WORK INSTRUCTION
When you find the word "default" in a line of the entries, please copy the whole line.

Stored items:
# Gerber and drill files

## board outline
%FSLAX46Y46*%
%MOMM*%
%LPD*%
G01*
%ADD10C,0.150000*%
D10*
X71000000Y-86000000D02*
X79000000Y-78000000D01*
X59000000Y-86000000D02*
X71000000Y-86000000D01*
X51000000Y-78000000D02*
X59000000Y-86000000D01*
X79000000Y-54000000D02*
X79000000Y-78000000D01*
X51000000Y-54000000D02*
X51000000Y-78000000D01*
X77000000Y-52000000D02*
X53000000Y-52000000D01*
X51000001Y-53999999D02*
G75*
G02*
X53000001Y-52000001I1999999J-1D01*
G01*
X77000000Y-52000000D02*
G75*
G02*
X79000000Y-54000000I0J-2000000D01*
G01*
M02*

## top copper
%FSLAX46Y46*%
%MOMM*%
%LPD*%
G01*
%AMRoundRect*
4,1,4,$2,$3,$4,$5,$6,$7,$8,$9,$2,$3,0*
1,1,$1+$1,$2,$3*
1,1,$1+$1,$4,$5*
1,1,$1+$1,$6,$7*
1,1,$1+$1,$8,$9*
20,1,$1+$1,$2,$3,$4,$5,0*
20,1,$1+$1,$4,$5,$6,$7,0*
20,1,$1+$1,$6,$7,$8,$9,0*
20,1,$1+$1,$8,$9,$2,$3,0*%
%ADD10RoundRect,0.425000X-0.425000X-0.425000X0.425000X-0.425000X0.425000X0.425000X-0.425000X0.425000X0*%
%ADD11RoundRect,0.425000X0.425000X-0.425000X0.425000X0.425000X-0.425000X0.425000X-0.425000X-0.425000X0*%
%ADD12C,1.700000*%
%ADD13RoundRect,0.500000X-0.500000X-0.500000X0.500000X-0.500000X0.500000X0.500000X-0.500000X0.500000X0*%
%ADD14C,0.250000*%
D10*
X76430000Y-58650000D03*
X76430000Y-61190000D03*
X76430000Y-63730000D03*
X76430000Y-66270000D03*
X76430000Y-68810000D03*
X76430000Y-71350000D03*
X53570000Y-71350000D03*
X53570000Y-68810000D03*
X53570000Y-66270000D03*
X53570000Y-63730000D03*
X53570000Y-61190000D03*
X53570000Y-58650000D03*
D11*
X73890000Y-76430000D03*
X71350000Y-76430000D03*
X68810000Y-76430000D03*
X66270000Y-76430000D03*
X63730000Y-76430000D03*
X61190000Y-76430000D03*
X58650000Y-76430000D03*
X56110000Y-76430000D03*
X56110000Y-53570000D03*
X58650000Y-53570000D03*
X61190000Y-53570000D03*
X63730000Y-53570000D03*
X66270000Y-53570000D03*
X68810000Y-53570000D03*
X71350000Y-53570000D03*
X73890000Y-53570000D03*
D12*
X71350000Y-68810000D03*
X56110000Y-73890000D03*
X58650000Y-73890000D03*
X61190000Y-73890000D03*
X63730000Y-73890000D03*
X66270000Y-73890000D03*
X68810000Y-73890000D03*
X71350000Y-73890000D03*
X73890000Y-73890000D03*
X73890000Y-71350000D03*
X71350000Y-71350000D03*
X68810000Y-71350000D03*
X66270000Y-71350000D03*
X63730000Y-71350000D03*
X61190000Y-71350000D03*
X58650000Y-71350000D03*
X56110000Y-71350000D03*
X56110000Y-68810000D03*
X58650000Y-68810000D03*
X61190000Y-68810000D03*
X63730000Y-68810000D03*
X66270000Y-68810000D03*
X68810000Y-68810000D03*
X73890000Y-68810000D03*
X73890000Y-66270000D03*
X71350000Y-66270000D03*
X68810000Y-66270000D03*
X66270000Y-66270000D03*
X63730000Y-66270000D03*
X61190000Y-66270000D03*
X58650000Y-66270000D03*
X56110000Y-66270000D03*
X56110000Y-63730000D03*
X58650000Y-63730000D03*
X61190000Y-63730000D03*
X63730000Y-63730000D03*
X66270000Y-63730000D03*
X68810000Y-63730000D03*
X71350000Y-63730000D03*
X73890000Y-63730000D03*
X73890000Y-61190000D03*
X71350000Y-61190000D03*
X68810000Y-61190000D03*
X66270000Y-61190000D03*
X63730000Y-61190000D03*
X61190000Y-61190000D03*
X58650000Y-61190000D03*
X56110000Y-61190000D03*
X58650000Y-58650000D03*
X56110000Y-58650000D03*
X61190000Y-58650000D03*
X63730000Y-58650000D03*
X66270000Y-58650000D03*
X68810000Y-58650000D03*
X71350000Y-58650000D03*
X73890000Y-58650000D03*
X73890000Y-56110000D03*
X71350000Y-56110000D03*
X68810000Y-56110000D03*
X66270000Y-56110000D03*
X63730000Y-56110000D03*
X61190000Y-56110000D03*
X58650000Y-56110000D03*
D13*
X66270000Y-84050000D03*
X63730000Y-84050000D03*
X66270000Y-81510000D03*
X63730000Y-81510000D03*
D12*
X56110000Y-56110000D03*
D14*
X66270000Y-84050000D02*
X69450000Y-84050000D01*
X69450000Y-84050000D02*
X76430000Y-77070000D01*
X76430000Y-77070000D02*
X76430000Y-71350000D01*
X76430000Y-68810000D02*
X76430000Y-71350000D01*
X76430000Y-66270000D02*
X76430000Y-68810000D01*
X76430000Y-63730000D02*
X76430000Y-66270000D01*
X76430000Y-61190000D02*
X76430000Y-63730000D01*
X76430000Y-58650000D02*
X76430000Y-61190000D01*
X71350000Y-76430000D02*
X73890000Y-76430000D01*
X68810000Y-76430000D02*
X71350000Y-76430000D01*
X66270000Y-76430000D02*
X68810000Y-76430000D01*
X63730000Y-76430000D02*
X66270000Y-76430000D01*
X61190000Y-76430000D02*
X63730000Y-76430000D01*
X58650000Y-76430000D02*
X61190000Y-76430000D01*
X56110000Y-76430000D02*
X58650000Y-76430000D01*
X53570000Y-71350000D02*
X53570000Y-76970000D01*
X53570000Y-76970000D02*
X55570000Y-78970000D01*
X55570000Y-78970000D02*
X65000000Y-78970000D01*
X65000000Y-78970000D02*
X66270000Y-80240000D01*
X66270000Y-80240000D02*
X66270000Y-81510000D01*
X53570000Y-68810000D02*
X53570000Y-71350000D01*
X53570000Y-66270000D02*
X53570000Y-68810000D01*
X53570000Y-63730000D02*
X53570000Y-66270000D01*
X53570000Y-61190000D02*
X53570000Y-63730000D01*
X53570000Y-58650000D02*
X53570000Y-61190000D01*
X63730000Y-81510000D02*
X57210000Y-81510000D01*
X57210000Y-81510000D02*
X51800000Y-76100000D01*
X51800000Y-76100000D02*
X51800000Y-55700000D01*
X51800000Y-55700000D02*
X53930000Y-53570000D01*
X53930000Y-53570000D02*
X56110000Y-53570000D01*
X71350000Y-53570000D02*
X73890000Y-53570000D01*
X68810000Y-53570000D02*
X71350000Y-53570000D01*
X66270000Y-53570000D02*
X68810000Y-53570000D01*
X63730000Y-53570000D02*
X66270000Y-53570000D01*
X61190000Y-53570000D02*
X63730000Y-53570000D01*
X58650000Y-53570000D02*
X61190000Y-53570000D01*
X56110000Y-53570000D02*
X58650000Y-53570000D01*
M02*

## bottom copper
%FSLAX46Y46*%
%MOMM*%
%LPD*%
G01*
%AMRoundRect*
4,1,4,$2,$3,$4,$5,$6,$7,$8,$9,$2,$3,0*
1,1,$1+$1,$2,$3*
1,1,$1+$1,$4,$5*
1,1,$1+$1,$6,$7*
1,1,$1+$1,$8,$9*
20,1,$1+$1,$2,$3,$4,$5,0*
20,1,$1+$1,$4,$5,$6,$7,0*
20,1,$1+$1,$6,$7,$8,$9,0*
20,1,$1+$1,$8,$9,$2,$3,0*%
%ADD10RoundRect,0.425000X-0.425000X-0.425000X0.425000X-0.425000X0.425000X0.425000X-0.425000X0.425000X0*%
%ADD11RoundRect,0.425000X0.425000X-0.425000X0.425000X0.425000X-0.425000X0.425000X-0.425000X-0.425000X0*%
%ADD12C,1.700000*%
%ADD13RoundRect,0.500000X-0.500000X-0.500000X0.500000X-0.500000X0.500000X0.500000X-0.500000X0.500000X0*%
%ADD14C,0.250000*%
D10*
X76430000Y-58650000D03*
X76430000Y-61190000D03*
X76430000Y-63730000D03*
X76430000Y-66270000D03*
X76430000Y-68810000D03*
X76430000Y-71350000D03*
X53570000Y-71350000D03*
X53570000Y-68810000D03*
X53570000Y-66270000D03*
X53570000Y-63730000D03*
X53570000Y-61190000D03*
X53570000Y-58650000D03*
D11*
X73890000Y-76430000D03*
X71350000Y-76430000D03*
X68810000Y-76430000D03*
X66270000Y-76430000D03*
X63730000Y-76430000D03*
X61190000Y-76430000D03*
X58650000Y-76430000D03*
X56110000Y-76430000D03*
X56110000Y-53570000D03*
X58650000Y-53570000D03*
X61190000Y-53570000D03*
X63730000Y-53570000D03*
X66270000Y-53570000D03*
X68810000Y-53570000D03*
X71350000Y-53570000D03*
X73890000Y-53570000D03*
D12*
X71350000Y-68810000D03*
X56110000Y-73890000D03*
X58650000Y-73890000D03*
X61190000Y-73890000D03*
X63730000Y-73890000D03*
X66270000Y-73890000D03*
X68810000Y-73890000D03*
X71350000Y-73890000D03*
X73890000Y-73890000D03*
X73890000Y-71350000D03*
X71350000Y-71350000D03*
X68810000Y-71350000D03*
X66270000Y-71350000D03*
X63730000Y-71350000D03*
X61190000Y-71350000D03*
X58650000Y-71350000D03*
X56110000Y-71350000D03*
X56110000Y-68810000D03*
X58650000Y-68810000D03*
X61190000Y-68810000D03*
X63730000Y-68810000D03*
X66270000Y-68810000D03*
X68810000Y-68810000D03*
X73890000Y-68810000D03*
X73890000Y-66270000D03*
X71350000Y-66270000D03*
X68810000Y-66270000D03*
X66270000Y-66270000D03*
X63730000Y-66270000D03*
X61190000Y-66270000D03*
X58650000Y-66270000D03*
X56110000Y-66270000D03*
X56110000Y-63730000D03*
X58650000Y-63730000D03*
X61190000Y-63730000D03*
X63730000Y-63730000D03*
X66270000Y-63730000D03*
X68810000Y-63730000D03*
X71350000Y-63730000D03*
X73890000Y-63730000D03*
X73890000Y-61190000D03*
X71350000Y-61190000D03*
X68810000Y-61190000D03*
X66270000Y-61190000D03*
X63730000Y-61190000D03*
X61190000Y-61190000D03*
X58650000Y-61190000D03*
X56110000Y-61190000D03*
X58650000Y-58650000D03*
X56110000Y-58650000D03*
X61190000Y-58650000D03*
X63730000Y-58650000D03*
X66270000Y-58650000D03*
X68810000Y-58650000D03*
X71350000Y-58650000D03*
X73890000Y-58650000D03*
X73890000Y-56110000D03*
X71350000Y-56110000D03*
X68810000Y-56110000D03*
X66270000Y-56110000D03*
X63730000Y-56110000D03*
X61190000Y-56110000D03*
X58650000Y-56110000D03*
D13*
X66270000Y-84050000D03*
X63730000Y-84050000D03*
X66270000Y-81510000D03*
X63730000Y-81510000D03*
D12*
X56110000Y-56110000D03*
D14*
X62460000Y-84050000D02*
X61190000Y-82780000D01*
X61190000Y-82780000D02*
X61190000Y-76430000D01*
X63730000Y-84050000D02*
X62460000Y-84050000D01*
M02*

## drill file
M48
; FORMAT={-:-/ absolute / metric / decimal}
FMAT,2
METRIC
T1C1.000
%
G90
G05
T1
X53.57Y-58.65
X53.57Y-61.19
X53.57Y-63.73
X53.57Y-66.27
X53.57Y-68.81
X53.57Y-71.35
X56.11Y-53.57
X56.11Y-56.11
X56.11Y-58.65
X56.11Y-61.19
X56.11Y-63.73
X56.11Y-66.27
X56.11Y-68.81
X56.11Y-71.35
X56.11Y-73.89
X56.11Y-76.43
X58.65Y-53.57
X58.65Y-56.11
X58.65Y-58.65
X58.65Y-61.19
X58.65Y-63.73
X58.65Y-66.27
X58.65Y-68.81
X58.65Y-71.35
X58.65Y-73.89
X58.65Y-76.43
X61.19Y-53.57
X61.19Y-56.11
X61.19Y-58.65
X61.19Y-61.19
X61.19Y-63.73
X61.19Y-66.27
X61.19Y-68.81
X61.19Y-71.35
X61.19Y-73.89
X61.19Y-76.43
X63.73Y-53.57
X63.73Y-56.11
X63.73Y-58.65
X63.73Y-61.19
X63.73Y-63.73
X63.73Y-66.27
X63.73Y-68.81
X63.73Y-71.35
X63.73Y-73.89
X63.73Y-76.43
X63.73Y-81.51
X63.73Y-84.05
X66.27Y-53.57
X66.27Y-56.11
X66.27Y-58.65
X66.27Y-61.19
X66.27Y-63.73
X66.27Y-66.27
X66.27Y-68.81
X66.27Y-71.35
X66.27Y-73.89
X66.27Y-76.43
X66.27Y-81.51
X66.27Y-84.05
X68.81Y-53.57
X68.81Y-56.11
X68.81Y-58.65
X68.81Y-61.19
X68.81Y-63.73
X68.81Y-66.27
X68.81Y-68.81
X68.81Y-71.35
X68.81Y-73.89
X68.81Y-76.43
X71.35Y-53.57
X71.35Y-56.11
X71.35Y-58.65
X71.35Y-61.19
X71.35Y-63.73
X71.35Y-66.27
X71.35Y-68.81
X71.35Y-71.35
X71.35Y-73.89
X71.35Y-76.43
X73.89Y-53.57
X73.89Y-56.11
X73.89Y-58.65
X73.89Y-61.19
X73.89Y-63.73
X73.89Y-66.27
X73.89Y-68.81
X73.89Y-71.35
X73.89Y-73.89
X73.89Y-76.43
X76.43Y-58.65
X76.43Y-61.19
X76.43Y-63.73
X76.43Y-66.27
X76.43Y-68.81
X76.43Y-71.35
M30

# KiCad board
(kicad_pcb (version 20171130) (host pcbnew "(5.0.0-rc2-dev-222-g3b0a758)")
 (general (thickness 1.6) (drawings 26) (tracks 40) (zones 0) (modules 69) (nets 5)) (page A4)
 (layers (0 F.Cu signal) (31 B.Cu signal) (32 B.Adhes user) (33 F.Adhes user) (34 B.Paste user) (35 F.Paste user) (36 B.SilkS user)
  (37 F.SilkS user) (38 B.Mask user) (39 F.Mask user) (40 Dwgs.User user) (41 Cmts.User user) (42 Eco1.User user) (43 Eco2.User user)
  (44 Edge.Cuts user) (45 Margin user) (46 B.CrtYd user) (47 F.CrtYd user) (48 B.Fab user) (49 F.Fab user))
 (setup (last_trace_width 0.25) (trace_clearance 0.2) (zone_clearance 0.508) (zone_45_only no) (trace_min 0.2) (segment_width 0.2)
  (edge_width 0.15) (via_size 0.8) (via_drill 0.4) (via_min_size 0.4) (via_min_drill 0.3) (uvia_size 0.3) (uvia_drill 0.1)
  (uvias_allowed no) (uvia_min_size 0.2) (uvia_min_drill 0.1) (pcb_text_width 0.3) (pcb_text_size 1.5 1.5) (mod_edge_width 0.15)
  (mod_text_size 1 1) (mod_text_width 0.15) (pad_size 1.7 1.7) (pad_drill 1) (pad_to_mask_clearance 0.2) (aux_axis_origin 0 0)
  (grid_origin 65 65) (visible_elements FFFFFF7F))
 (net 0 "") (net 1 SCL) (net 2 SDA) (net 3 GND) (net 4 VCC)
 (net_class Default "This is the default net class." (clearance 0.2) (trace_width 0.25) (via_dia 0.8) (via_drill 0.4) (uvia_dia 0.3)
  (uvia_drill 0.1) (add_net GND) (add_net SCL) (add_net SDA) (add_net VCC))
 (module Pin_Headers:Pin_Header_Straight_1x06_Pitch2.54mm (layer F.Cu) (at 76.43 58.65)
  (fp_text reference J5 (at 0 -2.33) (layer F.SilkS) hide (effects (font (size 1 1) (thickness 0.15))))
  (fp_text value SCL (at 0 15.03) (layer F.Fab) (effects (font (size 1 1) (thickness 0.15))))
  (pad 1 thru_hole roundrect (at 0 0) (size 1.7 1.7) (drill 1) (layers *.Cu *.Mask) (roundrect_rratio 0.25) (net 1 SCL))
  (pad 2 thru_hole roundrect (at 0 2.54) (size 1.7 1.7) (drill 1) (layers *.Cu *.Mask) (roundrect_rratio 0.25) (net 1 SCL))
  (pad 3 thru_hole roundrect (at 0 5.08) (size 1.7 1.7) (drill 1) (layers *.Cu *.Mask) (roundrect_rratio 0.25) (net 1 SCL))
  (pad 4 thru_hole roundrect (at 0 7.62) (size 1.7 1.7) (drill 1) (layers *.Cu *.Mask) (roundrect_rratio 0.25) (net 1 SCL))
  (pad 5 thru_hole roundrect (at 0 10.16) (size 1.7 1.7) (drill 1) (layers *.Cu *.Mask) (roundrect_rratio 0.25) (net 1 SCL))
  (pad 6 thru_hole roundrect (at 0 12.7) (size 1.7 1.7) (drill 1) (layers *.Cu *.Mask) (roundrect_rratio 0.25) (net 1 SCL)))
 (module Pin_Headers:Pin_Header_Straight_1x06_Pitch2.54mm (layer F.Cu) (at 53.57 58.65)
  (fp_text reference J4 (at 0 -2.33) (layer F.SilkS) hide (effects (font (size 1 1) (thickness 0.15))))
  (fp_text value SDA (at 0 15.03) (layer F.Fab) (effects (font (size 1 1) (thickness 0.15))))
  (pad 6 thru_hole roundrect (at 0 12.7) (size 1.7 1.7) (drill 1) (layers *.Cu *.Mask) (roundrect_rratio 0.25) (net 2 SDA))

* * *

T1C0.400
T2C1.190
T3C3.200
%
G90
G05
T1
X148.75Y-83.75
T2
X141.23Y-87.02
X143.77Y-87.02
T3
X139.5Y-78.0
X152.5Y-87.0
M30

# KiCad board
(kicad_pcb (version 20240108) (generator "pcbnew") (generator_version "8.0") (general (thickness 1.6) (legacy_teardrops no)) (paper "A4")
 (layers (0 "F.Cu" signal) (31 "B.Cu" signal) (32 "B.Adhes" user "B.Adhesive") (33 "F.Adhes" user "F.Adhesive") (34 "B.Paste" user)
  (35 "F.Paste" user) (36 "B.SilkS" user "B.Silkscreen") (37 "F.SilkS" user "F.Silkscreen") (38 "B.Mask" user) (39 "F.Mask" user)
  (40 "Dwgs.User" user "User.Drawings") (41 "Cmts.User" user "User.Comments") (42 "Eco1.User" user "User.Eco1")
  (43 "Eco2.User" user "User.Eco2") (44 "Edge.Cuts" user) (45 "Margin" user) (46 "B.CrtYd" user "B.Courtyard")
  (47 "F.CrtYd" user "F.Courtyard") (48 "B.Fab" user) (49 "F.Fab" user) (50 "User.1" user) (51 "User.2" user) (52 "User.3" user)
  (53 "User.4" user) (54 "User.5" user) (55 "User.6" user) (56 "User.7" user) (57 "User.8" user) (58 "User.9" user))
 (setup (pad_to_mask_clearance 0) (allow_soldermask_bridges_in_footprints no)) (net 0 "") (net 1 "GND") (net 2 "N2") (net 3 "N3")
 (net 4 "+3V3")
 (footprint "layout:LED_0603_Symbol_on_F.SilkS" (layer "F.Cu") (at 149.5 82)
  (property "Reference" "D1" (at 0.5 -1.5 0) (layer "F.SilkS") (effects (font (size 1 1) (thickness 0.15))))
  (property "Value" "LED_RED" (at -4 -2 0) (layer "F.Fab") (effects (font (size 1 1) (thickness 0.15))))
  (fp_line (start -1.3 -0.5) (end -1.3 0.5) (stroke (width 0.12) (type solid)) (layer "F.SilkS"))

* * *

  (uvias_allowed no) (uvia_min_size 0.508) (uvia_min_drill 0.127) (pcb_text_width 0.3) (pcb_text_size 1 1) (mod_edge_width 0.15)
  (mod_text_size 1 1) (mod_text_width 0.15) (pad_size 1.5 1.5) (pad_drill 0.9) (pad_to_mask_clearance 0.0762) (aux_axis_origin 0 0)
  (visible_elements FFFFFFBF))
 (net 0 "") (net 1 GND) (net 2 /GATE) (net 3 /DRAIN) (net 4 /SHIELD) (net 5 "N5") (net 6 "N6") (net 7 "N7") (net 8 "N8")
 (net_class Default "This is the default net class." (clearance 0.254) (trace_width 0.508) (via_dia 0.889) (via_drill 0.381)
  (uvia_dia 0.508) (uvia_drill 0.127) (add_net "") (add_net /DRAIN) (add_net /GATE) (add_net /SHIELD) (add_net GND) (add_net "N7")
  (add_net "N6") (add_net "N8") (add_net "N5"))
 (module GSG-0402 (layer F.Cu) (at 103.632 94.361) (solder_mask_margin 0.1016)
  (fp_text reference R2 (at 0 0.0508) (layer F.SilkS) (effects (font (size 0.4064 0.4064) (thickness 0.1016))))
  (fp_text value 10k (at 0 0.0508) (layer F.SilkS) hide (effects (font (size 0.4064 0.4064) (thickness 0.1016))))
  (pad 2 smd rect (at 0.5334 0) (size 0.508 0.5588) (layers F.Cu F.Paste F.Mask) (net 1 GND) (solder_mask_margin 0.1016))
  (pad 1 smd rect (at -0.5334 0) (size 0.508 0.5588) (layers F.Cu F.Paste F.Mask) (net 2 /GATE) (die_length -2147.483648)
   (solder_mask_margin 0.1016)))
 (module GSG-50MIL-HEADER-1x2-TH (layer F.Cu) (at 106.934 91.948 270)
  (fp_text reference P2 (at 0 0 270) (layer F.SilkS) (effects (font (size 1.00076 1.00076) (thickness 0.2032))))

EXERCISE RESULT
 (net_class Default "This is the default net class." (clearance 0.2) (trace_width 0.25) (via_dia 0.8) (via_drill 0.4) (uvia_dia 0.3)
 (net_class Default "This is the default net class." (clearance 0.254) (trace_width 0.508) (via_dia 0.889) (via_drill 0.381)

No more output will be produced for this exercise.